2. The continuous inkjet coating composition according to claim 1, wherein the content of the binder resin is 3% by mass or more and 8% by mass or less with respect to the entire continuous inkjet coating composition.
3. The continuous inkjet coating composition according to claim 1 or 2, wherein the content of the conductivity imparting agent is 0.15% by mass or more and 0.8% by mass or less of the entire continuous inkjet coating composition.
4. The continuous inkjet coating composition according to claim 1 or 2, wherein the insect repellent component comprises at least one selected from the group consisting of pyrethroid compounds, essential oils, essential oil components, and dibasic acid esters.
5. The coating composition for continuous inkjet printing according to claim 1 or 2, wherein the binder resin comprises a butyral resin.
6. The coating composition for continuous inkjet printing according to claim 1 or 2, wherein the conductivity imparting agent comprises at least one selected from sodium thiocyanate, potassium thiocyanate, and ammonium thiocyanate.

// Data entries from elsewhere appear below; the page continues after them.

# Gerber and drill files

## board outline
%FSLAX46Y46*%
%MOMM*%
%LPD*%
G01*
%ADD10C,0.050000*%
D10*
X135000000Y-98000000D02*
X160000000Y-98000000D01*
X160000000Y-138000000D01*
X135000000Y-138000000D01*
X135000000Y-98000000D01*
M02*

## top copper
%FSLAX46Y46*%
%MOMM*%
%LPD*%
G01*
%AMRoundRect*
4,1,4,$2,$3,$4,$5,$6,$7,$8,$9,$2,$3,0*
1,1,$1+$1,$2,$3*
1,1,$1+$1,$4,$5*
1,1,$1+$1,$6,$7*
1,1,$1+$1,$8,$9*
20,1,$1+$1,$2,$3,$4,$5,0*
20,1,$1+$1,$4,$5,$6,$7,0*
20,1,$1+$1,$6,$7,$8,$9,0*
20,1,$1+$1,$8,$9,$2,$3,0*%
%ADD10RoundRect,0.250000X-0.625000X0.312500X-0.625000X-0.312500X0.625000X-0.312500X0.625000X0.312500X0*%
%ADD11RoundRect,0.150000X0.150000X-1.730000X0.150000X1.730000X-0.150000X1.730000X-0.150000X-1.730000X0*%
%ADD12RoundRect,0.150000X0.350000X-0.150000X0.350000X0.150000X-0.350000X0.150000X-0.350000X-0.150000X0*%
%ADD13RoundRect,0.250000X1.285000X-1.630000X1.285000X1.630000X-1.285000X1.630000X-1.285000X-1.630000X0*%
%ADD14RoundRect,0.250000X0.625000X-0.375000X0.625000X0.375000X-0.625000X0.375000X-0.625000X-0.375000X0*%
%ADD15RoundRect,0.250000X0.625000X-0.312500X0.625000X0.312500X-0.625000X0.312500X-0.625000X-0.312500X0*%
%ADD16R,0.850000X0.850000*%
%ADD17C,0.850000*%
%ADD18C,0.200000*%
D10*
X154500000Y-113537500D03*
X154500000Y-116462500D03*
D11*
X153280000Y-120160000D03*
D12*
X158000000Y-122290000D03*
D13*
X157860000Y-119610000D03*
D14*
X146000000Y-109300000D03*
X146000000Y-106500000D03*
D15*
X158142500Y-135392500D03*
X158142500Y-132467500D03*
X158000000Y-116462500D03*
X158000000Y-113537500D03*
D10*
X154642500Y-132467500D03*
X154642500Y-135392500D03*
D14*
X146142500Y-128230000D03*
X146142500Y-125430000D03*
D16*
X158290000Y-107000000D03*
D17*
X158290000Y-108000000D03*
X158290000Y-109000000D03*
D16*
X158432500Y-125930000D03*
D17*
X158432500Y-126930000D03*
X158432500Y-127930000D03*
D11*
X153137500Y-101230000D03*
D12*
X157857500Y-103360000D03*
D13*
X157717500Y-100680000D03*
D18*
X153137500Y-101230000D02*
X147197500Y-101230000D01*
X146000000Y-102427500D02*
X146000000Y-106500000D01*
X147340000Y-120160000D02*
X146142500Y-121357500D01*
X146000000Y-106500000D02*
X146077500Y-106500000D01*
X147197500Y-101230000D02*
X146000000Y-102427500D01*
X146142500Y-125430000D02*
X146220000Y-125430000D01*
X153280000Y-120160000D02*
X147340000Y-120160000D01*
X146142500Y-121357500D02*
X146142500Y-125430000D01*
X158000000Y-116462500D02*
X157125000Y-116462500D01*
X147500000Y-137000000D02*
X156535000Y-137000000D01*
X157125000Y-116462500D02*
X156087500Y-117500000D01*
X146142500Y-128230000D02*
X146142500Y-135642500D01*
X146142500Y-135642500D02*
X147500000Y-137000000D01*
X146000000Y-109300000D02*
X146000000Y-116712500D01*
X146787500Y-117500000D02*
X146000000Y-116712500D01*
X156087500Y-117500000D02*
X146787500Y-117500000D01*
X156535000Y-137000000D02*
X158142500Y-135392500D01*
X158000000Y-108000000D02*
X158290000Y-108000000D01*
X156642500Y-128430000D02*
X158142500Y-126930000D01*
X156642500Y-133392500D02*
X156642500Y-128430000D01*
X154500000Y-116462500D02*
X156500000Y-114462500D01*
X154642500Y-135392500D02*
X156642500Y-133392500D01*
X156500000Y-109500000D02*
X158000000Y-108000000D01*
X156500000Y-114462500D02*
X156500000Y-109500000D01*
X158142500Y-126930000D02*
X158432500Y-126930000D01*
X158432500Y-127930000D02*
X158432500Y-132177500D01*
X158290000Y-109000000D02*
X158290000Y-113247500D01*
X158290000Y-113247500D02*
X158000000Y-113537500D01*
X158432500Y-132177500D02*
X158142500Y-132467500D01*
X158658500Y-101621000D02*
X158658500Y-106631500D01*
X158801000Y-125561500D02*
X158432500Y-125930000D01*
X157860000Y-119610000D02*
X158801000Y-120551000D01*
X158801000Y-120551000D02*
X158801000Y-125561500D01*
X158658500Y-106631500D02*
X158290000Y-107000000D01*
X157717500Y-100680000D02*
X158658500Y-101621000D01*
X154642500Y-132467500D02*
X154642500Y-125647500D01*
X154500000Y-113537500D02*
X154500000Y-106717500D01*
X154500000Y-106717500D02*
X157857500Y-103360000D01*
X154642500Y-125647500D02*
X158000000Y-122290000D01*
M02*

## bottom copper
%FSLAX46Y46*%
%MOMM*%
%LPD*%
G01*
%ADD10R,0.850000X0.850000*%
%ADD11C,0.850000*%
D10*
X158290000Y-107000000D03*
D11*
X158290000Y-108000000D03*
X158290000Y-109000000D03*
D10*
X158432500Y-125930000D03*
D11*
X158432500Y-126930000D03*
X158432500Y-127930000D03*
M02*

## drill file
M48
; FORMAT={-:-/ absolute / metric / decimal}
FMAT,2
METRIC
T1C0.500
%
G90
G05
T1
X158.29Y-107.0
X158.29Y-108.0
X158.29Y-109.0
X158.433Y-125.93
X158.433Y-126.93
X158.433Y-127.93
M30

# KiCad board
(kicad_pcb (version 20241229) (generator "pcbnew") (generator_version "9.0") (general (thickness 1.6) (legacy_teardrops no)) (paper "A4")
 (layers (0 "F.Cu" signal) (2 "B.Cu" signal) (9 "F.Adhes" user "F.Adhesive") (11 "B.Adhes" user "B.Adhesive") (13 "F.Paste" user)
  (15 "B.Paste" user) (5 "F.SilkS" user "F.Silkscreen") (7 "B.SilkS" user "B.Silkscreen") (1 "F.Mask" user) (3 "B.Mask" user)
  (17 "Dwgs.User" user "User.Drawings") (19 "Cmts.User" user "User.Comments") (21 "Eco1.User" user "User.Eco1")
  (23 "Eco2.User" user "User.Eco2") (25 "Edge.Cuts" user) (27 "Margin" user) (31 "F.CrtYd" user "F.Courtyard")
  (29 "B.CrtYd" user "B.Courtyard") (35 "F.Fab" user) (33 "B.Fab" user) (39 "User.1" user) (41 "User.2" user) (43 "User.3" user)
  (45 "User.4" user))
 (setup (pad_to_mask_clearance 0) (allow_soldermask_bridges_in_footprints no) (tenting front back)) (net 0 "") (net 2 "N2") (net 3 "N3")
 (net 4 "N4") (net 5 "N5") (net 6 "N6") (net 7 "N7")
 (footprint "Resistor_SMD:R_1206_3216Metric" (layer "F.Cu") (at 154.5 115 -90)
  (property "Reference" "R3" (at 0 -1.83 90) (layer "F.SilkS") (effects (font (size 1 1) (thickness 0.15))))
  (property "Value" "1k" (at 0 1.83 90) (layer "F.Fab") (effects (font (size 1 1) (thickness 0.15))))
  (pad "1" smd roundrect (at -1.4625 0 270) (size 1.125 1.75) (layers "F.Cu" "F.Mask" "F.Paste") (roundrect_rratio 0.222222) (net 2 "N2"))
  (pad "2" smd roundrect (at 1.4625 0 270) (size 1.125 1.75) (layers "F.Cu" "F.Mask" "F.Paste") (roundrect_rratio 0.222222) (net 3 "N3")))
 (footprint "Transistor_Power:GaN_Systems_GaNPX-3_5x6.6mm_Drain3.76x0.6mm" (layer "F.Cu") (at 156.19 120.16 90)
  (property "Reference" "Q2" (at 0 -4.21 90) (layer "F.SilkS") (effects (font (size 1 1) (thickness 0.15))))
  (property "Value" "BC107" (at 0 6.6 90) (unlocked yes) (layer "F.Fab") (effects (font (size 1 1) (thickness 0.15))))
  (pad "" smd roundrect (at -0.34 0.9525 90) (size 1.58 1.235) (layers "F.Paste") (roundrect_rratio 0.2024291498))
  (pad "" smd roundrect (at -0.34 2.3875 90) (size 1.58 1.235) (layers "F.Paste") (roundrect_rratio 0.2024291498))
  (pad "" smd roundrect (at 1.44 0.9525 90) (size 1.58 1.235) (layers "F.Paste") (roundrect_rratio 0.2024291498))
  (pad "" smd roundrect (at 1.44 2.3875 90) (size 1.58 1.235) (layers "F.Paste") (roundrect_rratio 0.2024291498))
  (pad "1" smd roundrect (at 0 -2.91 90) (size 3.76 0.6) (layers "F.Cu" "F.Mask" "F.Paste") (roundrect_rratio 0.25) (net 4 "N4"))
  (pad "2" smd roundrect (at -2.13 1.81 90) (size 0.6 1) (layers "F.Cu" "F.Mask" "F.Paste") (roundrect_rratio 0.25) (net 2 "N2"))
  (pad "3" smd roundrect (at 0.55 1.67 90) (size 3.76 3.07) (layers "F.Cu" "F.Mask") (roundrect_rratio 0.08143322476) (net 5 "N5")))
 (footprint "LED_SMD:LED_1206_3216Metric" (layer "F.Cu") (at 146 107.9 90)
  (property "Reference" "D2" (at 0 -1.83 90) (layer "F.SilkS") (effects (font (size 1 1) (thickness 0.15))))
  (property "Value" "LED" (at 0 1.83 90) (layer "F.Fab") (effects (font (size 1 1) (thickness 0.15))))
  (pad "1" smd roundrect (at -1.4 0 90) (size 1.25 1.75) (layers "F.Cu" "F.Mask" "F.Paste") (roundrect_rratio 0.2) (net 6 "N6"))
  (pad "2" smd roundrect (at 1.4 0 90) (size 1.25 1.75) (layers "F.Cu" "F.Mask" "F.Paste") (roundrect_rratio 0.2) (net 4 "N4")))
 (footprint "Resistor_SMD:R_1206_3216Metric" (layer "F.Cu") (at 158.1425 133.93 90)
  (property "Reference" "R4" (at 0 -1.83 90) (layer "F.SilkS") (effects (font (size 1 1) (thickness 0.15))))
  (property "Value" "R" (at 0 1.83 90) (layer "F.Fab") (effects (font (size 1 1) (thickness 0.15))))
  (pad "1" smd roundrect (at -1.4625 0 90) (size 1.125 1.75) (layers "F.Cu" "F.Mask" "F.Paste") (roundrect_rratio 0.222222) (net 6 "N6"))
  (pad "2" smd roundrect (at 1.4625 0 90) (size 1.125 1.75) (layers "F.Cu" "F.Mask" "F.Paste") (roundrect_rratio 0.222222) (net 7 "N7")))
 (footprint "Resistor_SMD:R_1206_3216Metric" (layer "F.Cu") (at 158 115 90)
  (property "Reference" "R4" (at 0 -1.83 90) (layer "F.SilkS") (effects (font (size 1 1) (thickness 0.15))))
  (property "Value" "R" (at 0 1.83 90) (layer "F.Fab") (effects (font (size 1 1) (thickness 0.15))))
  (pad "1" smd roundrect (at -1.4625 0 90) (size 1.125 1.75) (layers "F.Cu" "F.Mask" "F.Paste") (roundrect_rratio 0.222222) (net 6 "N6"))
  (pad "2" smd roundrect (at 1.4625 0 90) (size 1.125 1.75) (layers "F.Cu" "F.Mask" "F.Paste") (roundrect_rratio 0.222222) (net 7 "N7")))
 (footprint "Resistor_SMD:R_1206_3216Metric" (layer "F.Cu") (at 154.6425 133.93 -90)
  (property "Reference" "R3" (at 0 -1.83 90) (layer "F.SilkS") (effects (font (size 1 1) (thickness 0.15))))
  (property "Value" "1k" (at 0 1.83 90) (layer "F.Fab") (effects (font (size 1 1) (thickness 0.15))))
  (pad "1" smd roundrect (at -1.4625 0 270) (size 1.125 1.75) (layers "F.Cu" "F.Mask" "F.Paste") (roundrect_rratio 0.222222) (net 2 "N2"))
  (pad "2" smd roundrect (at 1.4625 0 270) (size 1.125 1.75) (layers "F.Cu" "F.Mask" "F.Paste") (roundrect_rratio 0.222222) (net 3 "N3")))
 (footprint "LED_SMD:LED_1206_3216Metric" (layer "F.Cu") (at 146.1425 126.83 90)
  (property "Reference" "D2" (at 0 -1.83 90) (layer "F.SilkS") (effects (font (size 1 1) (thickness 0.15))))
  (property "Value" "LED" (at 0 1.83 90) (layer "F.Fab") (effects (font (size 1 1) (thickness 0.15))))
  (pad "1" smd roundrect (at -1.4 0 90) (size 1.25 1.75) (layers "F.Cu" "F.Mask" "F.Paste") (roundrect_rratio 0.2) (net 6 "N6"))
  (pad "2" smd roundrect (at 1.4 0 90) (size 1.25 1.75) (layers "F.Cu" "F.Mask" "F.Paste") (roundrect_rratio 0.2) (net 4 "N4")))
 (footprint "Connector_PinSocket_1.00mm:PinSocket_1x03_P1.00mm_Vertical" (layer "F.Cu") (at 158.29 107)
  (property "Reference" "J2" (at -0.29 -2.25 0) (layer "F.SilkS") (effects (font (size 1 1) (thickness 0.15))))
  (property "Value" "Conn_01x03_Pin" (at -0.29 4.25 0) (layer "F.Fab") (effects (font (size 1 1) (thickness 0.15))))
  (pad "1" thru_hole rect (at 0 0) (size 0.85 0.85) (drill 0.5) (layers "*.Cu" "*.Mask") (remove_unused_layers no) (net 5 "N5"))
  (pad "2" thru_hole circle (at 0 1) (size 0.85 0.85) (drill 0.5) (layers "*.Cu" "*.Mask") (remove_unused_layers no) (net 3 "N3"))
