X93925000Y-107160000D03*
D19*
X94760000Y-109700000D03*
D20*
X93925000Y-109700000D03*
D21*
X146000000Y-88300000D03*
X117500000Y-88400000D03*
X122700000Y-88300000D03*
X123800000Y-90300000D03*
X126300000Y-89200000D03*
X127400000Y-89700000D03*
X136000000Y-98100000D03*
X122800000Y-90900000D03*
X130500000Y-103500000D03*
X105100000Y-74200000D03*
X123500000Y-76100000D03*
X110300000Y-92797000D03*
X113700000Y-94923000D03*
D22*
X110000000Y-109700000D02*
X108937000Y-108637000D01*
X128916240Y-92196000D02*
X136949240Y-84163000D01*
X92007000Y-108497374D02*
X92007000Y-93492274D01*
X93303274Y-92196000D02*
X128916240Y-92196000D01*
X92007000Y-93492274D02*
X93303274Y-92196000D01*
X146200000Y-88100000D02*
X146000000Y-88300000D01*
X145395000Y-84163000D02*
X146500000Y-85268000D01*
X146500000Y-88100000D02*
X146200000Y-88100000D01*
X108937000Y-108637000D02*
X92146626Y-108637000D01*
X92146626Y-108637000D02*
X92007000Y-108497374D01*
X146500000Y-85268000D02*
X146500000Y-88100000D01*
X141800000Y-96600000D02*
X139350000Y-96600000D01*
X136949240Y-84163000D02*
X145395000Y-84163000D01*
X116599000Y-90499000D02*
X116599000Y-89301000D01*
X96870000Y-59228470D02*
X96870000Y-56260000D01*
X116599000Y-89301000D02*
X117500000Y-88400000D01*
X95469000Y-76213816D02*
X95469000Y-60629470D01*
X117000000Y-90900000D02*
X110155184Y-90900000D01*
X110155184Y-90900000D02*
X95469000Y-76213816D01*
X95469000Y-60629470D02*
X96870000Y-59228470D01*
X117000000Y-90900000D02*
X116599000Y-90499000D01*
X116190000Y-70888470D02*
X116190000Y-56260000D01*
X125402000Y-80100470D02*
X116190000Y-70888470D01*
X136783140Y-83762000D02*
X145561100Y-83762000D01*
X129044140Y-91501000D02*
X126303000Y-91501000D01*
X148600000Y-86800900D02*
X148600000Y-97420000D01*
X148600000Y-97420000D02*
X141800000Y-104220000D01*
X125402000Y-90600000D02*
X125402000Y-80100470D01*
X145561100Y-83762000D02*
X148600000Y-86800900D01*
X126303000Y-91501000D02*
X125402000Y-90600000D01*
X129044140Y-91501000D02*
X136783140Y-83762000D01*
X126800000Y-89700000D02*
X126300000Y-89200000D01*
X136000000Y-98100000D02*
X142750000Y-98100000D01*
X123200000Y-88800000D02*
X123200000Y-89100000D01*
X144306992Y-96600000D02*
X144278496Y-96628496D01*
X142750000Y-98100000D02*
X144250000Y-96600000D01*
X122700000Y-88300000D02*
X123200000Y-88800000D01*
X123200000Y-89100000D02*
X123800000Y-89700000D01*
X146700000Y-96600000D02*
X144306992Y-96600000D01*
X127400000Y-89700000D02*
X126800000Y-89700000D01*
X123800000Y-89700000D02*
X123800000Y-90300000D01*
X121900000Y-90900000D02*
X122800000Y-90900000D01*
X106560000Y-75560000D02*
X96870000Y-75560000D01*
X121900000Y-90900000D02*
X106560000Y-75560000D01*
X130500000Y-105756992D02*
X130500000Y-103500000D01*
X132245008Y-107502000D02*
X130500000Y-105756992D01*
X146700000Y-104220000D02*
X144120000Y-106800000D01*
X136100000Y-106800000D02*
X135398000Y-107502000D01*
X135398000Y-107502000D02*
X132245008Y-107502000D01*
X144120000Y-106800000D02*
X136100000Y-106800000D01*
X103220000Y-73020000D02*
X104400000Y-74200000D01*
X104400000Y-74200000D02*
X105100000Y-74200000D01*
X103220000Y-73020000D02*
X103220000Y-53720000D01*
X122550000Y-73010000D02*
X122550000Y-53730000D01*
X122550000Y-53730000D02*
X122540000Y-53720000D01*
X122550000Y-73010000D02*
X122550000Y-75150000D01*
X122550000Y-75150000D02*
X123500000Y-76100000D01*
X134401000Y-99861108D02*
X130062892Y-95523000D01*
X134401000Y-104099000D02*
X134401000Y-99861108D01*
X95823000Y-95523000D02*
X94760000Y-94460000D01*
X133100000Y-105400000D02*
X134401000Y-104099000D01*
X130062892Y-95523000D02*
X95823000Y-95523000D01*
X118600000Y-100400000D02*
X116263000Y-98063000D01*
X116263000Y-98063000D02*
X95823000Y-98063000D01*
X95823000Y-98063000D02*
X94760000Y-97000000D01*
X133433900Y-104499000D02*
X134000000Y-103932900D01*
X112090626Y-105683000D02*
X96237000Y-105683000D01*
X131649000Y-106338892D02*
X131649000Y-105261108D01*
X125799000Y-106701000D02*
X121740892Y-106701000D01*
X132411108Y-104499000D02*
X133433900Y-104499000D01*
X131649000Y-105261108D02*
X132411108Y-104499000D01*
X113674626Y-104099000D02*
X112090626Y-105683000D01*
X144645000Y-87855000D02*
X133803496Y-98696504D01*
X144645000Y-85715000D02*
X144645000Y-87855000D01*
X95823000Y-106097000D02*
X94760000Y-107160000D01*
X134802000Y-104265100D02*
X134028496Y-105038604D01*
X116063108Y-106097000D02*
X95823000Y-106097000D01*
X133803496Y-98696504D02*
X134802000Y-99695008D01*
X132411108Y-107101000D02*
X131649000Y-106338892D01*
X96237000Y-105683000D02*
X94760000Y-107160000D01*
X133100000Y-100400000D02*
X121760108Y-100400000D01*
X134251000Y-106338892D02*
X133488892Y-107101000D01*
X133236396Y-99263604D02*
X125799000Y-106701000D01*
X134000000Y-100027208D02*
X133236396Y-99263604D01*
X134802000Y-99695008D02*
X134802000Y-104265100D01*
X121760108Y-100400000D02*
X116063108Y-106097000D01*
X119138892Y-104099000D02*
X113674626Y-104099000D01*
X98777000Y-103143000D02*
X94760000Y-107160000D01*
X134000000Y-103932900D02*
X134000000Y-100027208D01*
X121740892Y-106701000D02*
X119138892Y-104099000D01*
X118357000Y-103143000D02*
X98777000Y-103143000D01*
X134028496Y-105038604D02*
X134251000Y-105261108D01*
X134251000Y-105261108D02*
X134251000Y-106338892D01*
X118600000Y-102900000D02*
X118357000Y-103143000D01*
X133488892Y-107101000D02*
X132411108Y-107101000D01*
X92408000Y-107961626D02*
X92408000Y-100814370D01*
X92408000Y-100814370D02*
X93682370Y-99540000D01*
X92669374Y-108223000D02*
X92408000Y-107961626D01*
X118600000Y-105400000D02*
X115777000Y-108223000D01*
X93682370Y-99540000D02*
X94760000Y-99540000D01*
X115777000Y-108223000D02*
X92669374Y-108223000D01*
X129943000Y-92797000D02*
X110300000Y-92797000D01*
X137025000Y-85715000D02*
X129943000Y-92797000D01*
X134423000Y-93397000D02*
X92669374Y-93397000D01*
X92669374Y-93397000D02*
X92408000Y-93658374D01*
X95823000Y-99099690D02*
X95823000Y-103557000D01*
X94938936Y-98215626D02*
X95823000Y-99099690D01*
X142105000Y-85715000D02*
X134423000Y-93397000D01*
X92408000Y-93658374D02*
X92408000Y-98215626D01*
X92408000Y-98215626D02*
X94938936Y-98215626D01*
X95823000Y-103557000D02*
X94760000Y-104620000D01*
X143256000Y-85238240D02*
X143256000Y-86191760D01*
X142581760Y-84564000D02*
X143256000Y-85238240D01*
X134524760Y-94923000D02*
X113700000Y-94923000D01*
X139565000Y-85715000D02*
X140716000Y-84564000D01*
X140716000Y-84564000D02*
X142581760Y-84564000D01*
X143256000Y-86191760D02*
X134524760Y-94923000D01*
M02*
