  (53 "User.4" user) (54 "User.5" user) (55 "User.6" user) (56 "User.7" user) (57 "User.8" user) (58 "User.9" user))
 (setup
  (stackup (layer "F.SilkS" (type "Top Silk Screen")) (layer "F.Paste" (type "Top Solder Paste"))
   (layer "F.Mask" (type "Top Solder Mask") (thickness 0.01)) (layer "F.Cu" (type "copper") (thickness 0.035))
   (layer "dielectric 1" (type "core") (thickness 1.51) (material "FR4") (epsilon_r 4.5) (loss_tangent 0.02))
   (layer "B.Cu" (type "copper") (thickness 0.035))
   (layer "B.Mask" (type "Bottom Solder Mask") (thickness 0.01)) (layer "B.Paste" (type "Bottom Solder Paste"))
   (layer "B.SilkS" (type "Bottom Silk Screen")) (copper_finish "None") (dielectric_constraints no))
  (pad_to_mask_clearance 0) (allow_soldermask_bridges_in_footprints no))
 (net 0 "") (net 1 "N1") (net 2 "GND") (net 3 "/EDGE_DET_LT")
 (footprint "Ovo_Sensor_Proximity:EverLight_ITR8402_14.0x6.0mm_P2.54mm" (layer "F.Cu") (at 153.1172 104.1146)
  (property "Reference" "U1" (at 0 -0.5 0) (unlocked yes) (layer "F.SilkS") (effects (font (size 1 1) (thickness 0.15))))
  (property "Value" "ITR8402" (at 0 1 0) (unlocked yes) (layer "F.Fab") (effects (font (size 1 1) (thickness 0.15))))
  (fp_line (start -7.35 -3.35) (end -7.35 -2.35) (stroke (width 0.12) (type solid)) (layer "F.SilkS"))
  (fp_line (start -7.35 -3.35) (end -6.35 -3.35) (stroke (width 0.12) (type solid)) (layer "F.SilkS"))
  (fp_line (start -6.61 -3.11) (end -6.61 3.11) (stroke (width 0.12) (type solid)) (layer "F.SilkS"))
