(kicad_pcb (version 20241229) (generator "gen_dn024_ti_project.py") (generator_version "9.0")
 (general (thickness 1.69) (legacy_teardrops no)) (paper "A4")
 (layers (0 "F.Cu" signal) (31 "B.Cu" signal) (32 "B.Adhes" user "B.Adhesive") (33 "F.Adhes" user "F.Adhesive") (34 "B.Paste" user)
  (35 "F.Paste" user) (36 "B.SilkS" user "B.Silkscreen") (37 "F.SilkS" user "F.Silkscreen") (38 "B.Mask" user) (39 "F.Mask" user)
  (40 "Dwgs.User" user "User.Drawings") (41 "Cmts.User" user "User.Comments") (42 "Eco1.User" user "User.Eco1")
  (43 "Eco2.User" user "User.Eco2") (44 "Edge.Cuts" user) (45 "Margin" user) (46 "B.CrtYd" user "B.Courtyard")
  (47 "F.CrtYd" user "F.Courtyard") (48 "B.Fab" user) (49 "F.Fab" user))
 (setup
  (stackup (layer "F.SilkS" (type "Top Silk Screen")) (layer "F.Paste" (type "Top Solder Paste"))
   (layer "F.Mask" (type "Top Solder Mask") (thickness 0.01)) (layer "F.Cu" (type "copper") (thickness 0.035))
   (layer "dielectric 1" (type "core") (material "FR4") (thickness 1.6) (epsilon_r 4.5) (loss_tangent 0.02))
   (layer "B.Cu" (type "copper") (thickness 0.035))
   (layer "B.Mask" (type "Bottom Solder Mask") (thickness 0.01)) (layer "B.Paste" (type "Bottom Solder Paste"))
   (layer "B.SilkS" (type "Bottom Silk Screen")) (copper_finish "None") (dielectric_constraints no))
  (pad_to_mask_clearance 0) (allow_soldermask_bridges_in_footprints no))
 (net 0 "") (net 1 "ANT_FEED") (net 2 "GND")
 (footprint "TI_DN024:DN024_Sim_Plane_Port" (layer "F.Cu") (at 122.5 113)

7. A method for producing a printed article, comprising the step of applying the continuous inkjet coating composition described in claim 1 or 2 onto a substrate using a continuous inkjet printer.
8. The substrate has a printing layer of a continuous inkjet coating composition comprising at least an insect repellent component, a binder resin, and a conductivity imparting agent, wherein the amount of insect repellent component adhering to the substrate is 0.5 mg / m². 2 300mg / m or more 2 The following are printed materials.